China’s taken to pre-announcements lately.
Last week, Premier Li Qiang revealed the headline annual growth figure for 2023 in Davos a day before the official GDP release. On Wednesday, Pan Gongsheng told a briefing that the PBoC will cut the reserve requirement for banks next month.
I don’t know what’s behind the sudden inclination to tip off markets on key data and policy decisions, but it’s not typical.
The RRR cut would be (or will be, I guess) the first since September, and this time it’s 50bps. It’ll be the first half-point reduction in more than two years.
Recall that the PBoC unexpectedly left the key one-year MLF rate unchanged this month, disappointing consensus, which expected a cut.
The context for the RRR decision is obviously the never-ending stock selloff which found H-shares flirting with their worst levels in nearly two decades earlier this week, while the Mainland benchmark trundled to five-year lows following a third consecutive annual loss.
Rumors are flying. On Tuesday, the mainstream financial media said Beijing may be cobbling together a two-trillion-yuan stock rescue package after a series of measures in 2023 failed to arrest the slide.
The RRR announcement on Wednesday drove a second day of gains for Hong Kong-listed Chinese shares, which notched their largest two-session increase since the ill-fated re-opening rally began 14 months ago.
Sentiment is egregiously poor and demand for credit (note the emphasis) is tepid commensurate with a lackluster domestic consumption impulse evidenced by the longest run of CPI deflation since 2009. The RRR cut works on the credit supply side, which doesn’t address the problem. For the umpteenth time: China needs fiscal stimulus. The government needs to spend if the private sector won’t.

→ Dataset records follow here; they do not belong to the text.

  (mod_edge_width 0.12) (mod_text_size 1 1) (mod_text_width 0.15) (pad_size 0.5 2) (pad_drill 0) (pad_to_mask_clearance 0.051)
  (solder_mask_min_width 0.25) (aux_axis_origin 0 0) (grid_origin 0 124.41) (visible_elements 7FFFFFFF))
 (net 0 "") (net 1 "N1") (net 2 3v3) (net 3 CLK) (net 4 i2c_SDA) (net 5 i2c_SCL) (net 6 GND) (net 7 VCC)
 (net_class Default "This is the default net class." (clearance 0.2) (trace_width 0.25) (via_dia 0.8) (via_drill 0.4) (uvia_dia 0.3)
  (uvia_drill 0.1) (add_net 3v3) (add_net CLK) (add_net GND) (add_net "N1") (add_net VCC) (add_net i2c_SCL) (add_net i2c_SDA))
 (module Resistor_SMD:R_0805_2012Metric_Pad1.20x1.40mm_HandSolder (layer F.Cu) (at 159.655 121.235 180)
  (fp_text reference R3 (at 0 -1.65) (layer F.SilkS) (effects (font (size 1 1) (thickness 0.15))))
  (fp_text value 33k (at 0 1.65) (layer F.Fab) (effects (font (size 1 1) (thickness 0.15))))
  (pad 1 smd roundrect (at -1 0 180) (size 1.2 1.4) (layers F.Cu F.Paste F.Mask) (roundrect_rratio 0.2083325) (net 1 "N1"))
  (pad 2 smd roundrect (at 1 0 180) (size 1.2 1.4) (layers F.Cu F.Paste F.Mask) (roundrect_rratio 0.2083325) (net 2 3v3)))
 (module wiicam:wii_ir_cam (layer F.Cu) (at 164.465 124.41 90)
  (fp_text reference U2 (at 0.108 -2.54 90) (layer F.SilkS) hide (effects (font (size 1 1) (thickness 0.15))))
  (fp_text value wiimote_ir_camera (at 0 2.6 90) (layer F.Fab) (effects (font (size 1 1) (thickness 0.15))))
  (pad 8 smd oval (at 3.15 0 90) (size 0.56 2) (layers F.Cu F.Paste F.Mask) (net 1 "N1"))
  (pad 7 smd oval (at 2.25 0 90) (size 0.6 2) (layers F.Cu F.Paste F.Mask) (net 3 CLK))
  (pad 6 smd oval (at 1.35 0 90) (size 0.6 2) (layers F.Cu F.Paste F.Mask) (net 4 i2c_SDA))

Pan, who replaced Yi Gang as PBoC governor last summer during a reshuffle aimed at reconstituting the dual-role setup at the central bank wherein the same person’s Party secretary and governor, preannounced a handful of additional stimulus measures on Wednesday.

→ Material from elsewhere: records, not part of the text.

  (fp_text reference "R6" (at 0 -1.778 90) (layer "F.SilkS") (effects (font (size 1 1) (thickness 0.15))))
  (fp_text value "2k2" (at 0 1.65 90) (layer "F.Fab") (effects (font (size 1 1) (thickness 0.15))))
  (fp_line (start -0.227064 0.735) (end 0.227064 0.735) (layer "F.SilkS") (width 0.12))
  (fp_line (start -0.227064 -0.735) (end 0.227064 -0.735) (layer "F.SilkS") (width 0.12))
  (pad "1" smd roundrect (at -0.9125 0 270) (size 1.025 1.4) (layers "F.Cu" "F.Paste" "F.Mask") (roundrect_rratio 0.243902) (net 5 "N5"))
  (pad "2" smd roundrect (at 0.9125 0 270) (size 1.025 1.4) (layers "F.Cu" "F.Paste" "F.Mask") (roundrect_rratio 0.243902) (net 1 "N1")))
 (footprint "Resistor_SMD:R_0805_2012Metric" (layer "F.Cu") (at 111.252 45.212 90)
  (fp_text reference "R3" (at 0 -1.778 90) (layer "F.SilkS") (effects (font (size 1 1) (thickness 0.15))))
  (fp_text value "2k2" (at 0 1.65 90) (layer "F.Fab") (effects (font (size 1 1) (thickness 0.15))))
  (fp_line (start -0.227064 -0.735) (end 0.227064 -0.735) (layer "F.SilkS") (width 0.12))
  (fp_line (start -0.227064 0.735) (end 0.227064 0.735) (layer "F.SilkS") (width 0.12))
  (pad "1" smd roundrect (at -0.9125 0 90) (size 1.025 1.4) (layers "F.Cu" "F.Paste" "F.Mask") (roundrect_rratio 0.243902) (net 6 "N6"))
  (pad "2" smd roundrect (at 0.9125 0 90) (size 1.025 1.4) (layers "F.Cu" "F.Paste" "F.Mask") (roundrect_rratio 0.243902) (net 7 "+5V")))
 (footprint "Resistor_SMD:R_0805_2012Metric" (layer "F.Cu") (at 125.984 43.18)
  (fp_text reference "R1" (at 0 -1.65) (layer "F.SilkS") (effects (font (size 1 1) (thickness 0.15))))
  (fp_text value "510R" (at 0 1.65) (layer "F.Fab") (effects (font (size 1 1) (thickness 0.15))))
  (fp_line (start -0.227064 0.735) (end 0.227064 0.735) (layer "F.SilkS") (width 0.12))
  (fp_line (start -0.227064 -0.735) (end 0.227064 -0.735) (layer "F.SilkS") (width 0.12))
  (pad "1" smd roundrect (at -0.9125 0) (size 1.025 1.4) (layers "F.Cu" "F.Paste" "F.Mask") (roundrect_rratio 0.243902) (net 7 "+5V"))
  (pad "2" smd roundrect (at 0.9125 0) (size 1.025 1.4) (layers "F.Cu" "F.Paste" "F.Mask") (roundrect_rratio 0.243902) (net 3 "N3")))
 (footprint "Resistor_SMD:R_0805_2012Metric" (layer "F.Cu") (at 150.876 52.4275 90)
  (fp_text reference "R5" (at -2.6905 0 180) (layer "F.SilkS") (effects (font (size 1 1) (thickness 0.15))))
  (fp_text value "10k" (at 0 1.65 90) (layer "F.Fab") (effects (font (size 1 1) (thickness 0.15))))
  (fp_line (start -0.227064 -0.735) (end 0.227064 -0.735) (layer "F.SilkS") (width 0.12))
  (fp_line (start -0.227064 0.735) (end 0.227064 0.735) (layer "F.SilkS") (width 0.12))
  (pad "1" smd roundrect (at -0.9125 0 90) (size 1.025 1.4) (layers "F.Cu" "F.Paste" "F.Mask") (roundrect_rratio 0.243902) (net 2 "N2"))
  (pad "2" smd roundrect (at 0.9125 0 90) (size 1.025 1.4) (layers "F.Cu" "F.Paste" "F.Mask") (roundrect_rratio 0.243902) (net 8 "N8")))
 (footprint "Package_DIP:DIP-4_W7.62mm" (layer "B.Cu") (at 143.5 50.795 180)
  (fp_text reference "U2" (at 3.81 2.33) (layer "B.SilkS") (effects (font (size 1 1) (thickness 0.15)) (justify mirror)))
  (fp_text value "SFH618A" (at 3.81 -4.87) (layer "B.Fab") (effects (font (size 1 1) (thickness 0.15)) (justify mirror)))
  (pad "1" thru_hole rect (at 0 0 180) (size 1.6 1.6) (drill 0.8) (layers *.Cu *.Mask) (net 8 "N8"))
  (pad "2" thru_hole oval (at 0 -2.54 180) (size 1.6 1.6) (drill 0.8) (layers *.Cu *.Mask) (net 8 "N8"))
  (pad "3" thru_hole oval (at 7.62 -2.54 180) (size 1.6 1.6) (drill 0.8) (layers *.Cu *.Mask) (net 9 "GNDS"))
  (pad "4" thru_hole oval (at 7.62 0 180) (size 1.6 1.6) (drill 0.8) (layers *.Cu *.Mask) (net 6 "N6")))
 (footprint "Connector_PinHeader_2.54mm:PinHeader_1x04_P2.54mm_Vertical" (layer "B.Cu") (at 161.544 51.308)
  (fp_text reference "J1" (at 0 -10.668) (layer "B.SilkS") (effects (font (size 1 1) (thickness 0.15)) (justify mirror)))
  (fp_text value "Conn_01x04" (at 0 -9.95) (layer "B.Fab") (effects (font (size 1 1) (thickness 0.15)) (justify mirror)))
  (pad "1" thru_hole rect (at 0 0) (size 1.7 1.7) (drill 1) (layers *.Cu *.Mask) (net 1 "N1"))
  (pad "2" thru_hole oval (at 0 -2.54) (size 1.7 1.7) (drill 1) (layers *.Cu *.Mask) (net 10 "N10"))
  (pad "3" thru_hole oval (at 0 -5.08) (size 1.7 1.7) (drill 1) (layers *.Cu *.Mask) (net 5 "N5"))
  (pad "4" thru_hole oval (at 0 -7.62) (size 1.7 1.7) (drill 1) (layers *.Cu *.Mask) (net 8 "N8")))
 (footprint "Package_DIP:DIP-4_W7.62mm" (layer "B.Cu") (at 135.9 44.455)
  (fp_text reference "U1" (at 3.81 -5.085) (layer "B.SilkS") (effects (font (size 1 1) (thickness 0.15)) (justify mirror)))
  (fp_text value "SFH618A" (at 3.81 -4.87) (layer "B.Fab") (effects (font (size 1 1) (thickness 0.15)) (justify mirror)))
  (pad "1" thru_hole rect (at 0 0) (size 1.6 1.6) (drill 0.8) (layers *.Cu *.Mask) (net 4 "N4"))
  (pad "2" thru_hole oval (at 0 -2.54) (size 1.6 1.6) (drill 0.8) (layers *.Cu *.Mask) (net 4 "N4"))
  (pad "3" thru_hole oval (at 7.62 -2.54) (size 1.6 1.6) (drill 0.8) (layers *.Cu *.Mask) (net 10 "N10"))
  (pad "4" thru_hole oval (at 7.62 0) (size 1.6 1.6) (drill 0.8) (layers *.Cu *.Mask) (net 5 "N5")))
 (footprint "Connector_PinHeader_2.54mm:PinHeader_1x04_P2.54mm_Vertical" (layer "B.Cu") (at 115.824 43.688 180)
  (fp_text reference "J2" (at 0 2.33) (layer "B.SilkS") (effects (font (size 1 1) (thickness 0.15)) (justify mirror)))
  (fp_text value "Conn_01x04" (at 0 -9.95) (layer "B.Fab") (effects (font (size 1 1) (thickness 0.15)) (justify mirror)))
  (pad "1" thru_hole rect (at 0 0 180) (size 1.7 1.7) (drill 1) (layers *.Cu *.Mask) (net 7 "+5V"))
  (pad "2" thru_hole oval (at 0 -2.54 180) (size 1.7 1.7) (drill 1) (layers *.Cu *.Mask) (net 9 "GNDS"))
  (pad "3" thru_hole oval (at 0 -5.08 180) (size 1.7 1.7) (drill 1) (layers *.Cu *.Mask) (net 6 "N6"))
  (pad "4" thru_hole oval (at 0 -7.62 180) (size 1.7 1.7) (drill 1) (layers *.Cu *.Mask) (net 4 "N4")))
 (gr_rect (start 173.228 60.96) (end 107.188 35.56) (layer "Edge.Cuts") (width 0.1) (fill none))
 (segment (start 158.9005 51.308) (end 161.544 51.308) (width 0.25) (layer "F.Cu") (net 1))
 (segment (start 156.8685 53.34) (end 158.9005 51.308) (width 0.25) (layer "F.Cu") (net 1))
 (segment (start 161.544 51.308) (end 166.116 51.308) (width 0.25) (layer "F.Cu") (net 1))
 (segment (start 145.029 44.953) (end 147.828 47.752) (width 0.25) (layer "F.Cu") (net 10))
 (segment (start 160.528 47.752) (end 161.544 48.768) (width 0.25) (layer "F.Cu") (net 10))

Later this week, the PBoC will cut relending rates in an apparent bid to get credit flowing to farmers and small businesses. Pan also sketched the contours of an effort to bolster commercial property developers.

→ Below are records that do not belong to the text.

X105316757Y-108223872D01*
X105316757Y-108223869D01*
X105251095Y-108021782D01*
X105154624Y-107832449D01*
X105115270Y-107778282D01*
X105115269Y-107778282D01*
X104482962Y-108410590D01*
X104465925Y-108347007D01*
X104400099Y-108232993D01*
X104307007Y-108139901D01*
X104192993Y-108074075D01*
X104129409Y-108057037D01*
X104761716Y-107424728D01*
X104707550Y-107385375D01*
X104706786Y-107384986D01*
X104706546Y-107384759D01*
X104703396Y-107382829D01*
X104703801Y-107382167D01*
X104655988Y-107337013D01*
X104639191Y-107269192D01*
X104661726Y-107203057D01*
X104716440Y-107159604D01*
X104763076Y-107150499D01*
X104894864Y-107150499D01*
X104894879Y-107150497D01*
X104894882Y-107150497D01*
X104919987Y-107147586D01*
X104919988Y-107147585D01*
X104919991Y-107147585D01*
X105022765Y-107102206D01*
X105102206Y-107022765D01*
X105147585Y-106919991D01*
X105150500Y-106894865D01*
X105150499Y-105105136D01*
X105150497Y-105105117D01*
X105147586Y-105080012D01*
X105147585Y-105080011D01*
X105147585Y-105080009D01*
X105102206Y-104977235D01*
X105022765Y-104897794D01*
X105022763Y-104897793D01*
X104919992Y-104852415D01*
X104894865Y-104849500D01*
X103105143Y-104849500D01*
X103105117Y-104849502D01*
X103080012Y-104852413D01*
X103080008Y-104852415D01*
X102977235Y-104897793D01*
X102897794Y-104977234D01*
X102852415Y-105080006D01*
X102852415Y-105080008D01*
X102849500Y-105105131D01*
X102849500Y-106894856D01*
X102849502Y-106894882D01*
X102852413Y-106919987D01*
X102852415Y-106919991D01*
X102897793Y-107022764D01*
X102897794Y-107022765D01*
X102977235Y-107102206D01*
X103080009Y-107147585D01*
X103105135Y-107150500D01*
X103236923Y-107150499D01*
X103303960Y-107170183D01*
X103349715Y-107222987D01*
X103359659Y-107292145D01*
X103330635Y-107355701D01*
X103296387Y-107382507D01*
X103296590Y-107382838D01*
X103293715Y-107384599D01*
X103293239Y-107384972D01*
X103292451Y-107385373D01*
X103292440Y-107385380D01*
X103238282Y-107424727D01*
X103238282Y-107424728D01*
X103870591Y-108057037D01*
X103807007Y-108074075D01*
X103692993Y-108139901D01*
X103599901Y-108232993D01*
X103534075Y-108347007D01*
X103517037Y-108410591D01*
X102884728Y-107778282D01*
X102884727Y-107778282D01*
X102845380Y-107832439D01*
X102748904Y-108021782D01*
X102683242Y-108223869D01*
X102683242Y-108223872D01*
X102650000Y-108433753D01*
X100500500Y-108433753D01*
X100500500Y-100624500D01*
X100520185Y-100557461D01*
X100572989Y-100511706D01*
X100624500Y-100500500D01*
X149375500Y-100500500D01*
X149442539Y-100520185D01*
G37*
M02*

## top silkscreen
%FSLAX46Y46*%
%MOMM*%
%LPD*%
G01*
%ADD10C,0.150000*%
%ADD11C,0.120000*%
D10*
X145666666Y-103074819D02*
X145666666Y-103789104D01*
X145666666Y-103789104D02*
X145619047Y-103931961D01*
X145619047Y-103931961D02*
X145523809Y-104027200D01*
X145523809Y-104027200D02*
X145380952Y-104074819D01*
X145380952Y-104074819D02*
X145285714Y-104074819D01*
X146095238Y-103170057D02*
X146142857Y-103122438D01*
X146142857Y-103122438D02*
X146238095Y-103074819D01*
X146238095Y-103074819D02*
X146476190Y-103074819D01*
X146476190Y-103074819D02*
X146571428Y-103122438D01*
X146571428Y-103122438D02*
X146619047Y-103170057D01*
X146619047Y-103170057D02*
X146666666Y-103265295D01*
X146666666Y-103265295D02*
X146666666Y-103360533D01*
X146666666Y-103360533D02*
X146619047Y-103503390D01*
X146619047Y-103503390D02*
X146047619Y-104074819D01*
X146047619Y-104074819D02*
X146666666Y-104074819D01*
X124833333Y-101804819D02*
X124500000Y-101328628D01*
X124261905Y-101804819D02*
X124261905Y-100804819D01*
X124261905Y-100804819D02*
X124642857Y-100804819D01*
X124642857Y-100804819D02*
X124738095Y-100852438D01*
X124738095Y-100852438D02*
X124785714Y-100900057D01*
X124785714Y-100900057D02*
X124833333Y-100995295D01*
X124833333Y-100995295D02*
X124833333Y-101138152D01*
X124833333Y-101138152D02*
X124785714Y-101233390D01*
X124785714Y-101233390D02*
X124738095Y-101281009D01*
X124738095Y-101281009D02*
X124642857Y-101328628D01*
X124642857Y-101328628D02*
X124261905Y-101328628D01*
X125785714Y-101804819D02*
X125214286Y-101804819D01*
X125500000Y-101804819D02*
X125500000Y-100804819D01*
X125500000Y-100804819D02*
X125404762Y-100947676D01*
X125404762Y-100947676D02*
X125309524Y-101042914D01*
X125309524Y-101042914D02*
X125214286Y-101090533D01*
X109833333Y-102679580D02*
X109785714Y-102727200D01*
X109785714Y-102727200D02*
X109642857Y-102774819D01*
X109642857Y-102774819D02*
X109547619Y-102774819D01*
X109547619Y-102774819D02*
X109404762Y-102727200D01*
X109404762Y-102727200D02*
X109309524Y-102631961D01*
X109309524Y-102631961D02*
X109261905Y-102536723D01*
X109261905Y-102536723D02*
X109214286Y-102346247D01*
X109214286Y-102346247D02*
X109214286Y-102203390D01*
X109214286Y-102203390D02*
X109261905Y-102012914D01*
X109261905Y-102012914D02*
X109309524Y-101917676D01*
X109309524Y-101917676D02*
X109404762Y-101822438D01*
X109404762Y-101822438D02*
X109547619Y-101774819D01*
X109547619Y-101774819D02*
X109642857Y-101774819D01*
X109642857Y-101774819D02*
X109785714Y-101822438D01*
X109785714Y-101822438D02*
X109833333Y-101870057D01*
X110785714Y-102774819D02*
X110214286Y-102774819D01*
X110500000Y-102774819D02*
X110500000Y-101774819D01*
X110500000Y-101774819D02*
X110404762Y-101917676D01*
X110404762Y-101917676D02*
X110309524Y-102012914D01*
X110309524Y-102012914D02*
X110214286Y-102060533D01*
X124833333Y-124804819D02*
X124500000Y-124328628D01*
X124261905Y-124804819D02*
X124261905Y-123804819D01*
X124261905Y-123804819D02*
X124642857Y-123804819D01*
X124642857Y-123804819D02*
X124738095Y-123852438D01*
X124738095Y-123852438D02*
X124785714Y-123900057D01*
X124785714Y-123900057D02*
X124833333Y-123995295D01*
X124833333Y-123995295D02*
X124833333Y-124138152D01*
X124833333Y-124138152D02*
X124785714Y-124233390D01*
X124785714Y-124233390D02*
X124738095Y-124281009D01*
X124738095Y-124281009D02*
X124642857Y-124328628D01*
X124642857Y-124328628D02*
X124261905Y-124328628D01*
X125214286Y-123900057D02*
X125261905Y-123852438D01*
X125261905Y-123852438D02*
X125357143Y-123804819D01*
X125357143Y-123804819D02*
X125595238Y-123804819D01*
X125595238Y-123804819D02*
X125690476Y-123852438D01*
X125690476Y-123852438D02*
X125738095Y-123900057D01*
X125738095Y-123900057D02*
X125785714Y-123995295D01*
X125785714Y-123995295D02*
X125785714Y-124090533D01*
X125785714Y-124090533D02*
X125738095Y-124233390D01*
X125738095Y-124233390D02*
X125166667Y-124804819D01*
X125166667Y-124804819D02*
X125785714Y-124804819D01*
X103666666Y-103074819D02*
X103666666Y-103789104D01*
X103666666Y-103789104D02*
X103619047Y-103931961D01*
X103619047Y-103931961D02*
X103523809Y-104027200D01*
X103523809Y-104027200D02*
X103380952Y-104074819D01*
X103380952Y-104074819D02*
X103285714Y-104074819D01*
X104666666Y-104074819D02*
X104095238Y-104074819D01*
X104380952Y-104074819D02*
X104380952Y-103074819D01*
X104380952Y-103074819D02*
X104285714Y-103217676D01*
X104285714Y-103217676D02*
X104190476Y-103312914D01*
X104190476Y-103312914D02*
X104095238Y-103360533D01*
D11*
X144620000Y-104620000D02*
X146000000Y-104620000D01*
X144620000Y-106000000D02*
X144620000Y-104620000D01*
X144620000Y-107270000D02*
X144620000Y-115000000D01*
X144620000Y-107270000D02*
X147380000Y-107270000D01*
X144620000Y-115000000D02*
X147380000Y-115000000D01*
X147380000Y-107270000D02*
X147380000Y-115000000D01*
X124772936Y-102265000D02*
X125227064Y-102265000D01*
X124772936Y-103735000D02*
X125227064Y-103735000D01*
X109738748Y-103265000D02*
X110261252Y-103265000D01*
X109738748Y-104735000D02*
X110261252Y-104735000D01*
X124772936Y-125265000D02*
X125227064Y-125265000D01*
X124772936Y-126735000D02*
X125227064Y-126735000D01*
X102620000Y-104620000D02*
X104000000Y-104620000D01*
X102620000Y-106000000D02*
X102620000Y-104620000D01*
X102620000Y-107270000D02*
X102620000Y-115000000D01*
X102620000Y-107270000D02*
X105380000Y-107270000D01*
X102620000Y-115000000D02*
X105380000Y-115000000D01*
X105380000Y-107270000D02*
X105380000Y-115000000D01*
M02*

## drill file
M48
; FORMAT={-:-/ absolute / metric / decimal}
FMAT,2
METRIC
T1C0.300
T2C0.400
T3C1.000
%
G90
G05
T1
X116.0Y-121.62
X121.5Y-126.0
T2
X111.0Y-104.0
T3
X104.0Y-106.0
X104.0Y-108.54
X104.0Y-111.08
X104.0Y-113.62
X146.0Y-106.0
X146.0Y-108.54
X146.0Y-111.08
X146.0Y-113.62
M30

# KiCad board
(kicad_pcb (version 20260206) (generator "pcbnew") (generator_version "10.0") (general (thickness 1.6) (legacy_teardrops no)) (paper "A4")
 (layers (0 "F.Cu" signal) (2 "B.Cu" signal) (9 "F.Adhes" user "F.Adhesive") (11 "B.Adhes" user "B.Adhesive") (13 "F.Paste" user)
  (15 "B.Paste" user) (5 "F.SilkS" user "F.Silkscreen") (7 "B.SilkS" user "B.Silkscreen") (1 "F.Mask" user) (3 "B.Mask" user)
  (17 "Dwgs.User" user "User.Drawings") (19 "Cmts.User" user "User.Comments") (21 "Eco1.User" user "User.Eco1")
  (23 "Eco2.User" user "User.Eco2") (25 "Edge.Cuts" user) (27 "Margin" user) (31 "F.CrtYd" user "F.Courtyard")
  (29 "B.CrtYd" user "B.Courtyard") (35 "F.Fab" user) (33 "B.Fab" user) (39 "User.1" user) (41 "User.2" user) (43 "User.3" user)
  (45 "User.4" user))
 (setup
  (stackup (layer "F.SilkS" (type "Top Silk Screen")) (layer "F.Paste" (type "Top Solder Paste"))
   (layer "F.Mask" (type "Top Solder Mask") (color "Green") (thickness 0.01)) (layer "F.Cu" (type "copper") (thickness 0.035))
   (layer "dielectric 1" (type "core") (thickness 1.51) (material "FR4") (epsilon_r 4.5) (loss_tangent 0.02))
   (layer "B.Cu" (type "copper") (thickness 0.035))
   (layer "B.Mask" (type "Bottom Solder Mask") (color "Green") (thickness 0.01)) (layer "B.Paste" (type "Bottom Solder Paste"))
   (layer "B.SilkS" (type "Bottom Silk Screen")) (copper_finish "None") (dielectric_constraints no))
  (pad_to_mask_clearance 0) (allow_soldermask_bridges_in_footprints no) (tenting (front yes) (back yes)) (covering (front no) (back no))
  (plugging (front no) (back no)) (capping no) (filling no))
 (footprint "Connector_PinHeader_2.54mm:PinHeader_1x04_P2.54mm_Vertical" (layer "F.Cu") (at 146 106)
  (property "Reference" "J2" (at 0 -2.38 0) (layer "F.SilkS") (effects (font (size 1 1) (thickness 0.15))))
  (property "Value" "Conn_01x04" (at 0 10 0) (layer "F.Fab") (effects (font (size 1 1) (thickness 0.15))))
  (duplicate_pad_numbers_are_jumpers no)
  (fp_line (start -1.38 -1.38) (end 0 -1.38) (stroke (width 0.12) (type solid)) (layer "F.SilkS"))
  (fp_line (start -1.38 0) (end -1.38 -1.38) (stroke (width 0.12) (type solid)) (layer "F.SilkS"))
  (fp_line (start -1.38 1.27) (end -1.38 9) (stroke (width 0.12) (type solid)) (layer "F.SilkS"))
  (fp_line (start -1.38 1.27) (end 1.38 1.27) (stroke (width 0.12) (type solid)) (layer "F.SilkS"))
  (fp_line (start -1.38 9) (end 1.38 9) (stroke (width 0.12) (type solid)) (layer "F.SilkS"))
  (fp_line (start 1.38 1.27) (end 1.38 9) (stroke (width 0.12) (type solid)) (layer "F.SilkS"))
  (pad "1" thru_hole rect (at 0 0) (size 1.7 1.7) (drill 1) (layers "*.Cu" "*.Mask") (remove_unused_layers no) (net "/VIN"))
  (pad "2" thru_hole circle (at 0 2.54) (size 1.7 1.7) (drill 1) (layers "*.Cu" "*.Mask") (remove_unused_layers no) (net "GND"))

Will any of this ultimately matter? I don’t know, honestly. I doubt it? (That’s a question.)
Beijing needs to address the source of the problem. The Party has accumulated a rather large credibility deficit both with overseas investors and domestic consumers. Addressing that isn’t (or shouldn’t be) especially difficult and importantly, it doesn’t cost anything.
The Party should make it clear that they earnestly understand the extent to which the perception of capriciousness is feeding a crisis of confidence among households, businesses and foreign capital. Fiscal stimulus would still be necessary, but it’d help tremendously if everyone (anyone, really) thought Xi was willing to accept some blame for a situation that’s plainly suboptimal.
Anyway, the RRR cut (from February 5) will free up a trillion yuan, or around $140 billion, in liquidity. At least Xi’s giving you an opportunity to exit Chinese equities at a better price. (That’s a cheap joke, but it felt somehow obligatory.)




Call this one of my typical flights of fancy but something occurred to me whist reading this. Xi is worried. The last estimate I saw of the size of China’s rising middle class is that it is probably larger than 400 million souls. The people want things and within reason, Xi wants them to buy things. And if they could fund their golden years (a valuable part of Chinese culture) with investments, it would be better for the country. So as my as Xi is trying to ruin what he considers to be greedy capitalists, he needs them to buy stuff, help fund GDP growth, and survive in their senior years. That 400 million consumers and business founders is a population bigger than the whole US. It is valuable and Xi cannot afford to create too much damage to these folks. He kind of has to remain a closet capitalist. He is getting older, and like all of us, he knows that. He wants to be remembered in the same breath with Mao but he can’t leave the country in a shambles like his idol did. He has to place his society/economy on a razor’s edge and offer nightly prayers to whomever. I suggest another read through of the “Analects.” Balance, Xi, always balance.
Pushing on a noodle.
The bottom-fisher in me is tempted. But I exited BABA TCEHY etc almost four years ago, and the work required to relearn the stocks might be better spent on, say, semis or transports or any number of US industries.